Derivatives are a fundamental concept in calculus, used to determine the rate at which a function is changing at any given point. When you're finding the derivative of a function, you're identifying the slope of the tangent line to the function's graph at a specific point. This can provide insights into the function's behavior—such as where it is increasing or decreasing.

• The most common notation for a derivative is \( f'(x) \), which denotes the derivative of \( f(x) \).
• Taking a derivative involves applying rules like the power rule, where \( \frac{d}{dx}(x^n) = nx^{n-1} \).
• In our exercise, we find derivatives of composed functions, which involves techniques like the chain rule.

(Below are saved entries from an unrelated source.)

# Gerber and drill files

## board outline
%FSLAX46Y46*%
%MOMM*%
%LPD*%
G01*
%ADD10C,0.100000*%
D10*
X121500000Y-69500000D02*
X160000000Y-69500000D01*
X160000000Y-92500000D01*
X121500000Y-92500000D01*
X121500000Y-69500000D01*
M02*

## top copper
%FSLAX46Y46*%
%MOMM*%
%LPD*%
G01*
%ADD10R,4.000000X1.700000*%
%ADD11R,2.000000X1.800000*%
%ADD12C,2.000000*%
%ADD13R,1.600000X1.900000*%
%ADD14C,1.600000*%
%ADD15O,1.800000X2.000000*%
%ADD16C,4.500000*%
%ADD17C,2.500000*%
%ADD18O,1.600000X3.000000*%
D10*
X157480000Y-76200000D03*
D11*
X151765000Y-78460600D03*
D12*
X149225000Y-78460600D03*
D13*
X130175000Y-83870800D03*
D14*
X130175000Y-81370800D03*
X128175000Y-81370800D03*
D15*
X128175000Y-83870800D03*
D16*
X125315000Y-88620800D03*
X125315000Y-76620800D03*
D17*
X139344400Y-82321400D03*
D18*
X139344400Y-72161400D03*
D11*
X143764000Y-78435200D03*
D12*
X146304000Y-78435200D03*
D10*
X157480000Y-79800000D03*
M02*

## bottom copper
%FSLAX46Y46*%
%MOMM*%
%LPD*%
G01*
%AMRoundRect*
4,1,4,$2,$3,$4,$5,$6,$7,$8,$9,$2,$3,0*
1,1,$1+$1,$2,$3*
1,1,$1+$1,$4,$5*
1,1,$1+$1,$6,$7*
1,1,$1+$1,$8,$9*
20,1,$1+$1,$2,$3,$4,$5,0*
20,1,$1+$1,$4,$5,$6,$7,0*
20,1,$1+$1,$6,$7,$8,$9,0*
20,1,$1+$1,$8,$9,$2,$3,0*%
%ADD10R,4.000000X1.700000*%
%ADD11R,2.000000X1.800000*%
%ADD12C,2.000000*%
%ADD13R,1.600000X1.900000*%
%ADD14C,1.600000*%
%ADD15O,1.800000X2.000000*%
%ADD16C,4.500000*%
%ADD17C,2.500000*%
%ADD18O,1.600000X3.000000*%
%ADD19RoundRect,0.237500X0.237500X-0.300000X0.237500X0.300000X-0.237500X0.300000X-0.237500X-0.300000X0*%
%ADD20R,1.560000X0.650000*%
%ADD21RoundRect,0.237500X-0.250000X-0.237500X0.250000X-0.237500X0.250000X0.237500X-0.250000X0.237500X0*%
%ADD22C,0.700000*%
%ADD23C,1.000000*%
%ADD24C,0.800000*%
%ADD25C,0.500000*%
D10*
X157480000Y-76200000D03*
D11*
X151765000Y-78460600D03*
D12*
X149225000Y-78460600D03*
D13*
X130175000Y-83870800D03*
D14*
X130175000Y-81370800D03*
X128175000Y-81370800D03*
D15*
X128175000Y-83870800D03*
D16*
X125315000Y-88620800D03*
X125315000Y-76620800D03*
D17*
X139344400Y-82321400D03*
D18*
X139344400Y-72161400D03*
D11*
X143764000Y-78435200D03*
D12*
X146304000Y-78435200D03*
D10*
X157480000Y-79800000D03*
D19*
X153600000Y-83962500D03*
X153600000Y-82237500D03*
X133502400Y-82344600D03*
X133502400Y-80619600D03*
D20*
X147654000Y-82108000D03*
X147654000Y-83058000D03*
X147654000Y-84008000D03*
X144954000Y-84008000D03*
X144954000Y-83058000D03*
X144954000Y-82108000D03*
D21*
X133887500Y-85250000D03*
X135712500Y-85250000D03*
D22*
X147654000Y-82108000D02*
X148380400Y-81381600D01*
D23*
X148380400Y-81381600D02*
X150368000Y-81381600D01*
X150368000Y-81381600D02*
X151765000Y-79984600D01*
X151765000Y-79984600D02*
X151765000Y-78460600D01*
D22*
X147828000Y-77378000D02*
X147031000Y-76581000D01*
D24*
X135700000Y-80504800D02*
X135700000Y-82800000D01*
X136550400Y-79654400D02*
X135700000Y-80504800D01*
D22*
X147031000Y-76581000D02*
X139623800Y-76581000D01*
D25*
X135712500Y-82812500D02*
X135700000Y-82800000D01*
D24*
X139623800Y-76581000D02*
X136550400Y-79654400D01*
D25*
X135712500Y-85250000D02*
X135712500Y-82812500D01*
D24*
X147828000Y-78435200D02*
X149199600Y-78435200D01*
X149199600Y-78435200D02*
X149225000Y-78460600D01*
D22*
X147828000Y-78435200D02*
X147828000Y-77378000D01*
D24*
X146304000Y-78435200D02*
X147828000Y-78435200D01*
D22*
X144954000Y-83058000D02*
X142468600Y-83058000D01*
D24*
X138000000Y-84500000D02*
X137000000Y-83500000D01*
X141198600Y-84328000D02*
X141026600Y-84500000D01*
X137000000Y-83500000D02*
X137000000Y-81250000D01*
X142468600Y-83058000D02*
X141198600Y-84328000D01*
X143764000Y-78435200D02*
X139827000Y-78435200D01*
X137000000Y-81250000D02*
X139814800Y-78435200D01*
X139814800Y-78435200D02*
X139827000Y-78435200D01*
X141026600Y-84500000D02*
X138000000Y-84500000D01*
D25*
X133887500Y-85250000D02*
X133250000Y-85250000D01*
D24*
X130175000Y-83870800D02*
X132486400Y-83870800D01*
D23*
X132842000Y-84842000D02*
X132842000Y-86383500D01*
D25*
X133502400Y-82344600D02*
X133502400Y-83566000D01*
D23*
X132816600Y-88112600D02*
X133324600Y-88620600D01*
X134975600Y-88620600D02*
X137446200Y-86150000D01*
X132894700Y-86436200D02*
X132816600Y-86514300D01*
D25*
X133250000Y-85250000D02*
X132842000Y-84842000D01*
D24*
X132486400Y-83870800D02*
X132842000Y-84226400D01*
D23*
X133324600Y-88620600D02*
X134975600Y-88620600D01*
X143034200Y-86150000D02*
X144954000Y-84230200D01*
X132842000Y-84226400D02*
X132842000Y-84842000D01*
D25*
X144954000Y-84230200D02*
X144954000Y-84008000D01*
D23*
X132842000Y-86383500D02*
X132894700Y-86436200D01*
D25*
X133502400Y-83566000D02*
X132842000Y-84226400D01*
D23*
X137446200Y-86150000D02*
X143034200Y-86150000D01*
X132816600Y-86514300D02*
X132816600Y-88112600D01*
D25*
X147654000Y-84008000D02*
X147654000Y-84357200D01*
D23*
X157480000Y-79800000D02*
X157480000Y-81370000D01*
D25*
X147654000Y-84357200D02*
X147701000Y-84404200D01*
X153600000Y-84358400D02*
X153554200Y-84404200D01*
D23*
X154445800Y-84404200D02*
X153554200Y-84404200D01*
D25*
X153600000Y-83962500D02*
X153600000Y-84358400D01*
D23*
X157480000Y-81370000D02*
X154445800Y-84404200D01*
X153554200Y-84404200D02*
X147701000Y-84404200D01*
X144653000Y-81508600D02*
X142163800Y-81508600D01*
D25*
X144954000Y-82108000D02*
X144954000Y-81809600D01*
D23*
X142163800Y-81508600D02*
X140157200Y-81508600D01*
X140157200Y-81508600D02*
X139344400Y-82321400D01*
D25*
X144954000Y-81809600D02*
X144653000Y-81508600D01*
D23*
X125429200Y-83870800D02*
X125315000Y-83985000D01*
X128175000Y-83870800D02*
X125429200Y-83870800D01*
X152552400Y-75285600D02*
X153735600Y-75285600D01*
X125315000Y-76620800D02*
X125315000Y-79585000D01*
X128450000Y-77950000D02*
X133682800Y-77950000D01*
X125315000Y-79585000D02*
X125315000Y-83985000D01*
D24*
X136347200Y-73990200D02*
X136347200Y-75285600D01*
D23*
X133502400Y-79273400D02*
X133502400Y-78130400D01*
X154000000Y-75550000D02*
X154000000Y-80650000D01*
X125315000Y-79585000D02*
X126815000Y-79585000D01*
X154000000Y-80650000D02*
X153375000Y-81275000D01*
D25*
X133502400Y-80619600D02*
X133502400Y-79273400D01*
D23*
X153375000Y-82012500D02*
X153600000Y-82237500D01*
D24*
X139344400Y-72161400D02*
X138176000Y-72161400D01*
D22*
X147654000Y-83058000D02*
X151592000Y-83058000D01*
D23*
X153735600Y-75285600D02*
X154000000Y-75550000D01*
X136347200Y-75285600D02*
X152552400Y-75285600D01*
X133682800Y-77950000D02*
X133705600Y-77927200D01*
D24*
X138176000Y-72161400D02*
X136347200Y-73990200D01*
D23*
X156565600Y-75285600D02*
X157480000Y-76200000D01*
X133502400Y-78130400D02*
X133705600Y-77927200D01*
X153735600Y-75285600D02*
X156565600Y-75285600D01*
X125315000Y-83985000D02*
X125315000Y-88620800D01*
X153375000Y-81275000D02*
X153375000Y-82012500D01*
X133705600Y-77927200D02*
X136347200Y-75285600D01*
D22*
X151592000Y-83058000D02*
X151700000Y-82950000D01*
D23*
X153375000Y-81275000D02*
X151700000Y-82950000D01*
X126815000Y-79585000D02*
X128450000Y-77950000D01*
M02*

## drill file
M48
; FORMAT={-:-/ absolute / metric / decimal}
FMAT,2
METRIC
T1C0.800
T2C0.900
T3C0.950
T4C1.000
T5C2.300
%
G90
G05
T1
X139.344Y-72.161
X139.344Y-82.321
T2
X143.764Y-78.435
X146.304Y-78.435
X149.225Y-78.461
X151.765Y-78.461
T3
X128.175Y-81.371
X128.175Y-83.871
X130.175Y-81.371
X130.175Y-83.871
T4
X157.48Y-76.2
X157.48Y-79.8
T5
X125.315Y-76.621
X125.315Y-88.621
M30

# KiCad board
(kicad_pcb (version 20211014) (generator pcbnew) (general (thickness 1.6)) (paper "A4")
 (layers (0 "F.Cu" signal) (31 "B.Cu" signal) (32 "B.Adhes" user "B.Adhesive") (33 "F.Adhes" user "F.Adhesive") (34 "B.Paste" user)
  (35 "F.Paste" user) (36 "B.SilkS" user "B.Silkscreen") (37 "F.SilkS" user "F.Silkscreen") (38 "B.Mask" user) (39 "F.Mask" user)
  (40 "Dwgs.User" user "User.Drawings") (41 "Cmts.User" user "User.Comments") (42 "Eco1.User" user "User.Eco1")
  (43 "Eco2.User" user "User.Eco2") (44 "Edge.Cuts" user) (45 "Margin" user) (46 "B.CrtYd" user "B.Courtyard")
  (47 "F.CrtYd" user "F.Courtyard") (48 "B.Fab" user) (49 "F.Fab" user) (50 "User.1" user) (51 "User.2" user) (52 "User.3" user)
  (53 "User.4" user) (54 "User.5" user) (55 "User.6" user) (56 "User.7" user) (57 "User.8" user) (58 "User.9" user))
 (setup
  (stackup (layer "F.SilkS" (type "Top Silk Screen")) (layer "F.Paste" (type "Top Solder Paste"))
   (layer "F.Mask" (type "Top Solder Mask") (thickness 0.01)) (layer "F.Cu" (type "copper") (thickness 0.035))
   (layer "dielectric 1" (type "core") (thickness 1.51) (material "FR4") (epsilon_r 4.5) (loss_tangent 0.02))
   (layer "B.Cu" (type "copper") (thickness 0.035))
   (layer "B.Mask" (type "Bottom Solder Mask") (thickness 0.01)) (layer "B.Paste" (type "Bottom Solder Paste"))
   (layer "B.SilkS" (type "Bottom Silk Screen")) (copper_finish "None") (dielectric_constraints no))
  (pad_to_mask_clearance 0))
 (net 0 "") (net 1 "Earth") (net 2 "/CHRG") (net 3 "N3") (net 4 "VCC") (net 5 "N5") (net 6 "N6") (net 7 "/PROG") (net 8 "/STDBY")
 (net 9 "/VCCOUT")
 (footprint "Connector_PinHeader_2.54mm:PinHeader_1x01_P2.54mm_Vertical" (layer "F.Cu") (at 157.48 76.2)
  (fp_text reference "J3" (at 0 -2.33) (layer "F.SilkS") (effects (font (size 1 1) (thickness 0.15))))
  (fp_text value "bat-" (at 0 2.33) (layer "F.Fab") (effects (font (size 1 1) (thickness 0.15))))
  (pad "1" thru_hole rect (at 0 0) (size 4 1.7) (drill 1) (layers *.Cu) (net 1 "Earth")))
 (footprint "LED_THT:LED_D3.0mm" (layer "F.Cu") (at 151.765 78.4606 180)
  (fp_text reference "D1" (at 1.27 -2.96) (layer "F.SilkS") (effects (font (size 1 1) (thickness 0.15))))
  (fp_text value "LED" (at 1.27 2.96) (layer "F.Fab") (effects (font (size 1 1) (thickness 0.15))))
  (pad "1" thru_hole rect (at 0 0 180) (size 2 1.8) (drill 0.9) (layers *.Cu *.Mask) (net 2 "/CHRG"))
  (pad "2" thru_hole circle (at 2.54 0 180) (size 2 2) (drill 0.9) (layers *.Cu *.Mask) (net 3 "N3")))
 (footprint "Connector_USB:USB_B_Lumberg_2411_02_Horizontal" (layer "F.Cu") (at 130.175 83.8708 180)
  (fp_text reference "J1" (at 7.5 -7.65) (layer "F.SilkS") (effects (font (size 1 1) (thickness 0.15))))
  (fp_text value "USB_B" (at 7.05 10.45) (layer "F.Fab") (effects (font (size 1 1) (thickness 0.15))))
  (pad "1" thru_hole rect (at 0 0 270) (size 1.9 1.6) (drill 0.95) (layers *.Cu *.Mask) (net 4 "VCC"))
  (pad "2" thru_hole circle (at 0 2.5 270) (size 1.6 1.6) (drill 0.95) (layers *.Cu *.Mask) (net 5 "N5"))
  (pad "3" thru_hole circle (at 2 2.5 270) (size 1.6 1.6) (drill 0.95) (layers *.Cu *.Mask) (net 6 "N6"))
  (pad "4" thru_hole oval (at 2 0 270) (size 2 1.8) (drill 0.95) (layers *.Cu *.Mask) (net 1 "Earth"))
  (pad "5" thru_hole circle (at 4.86 -4.75 270) (size 4.5 4.5) (drill 2.3) (layers *.Cu *.Mask) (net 1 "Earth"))
  (pad "5" thru_hole circle (at 4.86 7.25 270) (size 4.5 4.5) (drill 2.3) (layers *.Cu *.Mask) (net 1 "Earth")))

The chain rule is a crucial differentiation technique used for finding the derivative of composite functions. A composite function is one where you have a function inside another function, which means you compose two functions.
For example, in our exercise where we find the derivative of \((f \circ g)(x) = (2x - 3)^5 \), we're tasked with finding \((f \circ g)'(x)\).

• First, identify the inner and outer functions. Here, \( u = 2x - 3 \) is the inner function and \( u^5 \) is the outer.
• Apply the chain rule: differentiate the outer function with respect to the inner function \( u \), then multiply by the derivative of the inner function \( u \).
• So, the derivative becomes \( 5(2x - 3)^4 \times 2 = 10(2x - 3)^4 \), illustrating how the chain rule allows us to tackle more complex differentiation tasks.

Function notation allows us to clearly express the dependencies between variables and it is particularly useful when dealing with composite functions.
It is denoted as \( f(x) \), indicating each input \( x \) maps to a unique output through the function \( f \). Function composition, denoted by \((f \circ g)(x)\), is a way of "nesting" these functions so that the output of one function becomes the input of another.

• For \((f \circ g)(x)\), you compute this by substituting \( g(x) \) into \( f(x) \), making it \( f(g(x)) \).
• Conversely, \((g \circ f)(x)\) involves substituting \( f(x) \) into \( g(x) \), resulting in \( g(f(x)) \).
• This notation helps in organizing functions and is essential when performing operations such as differentiation of composed functions.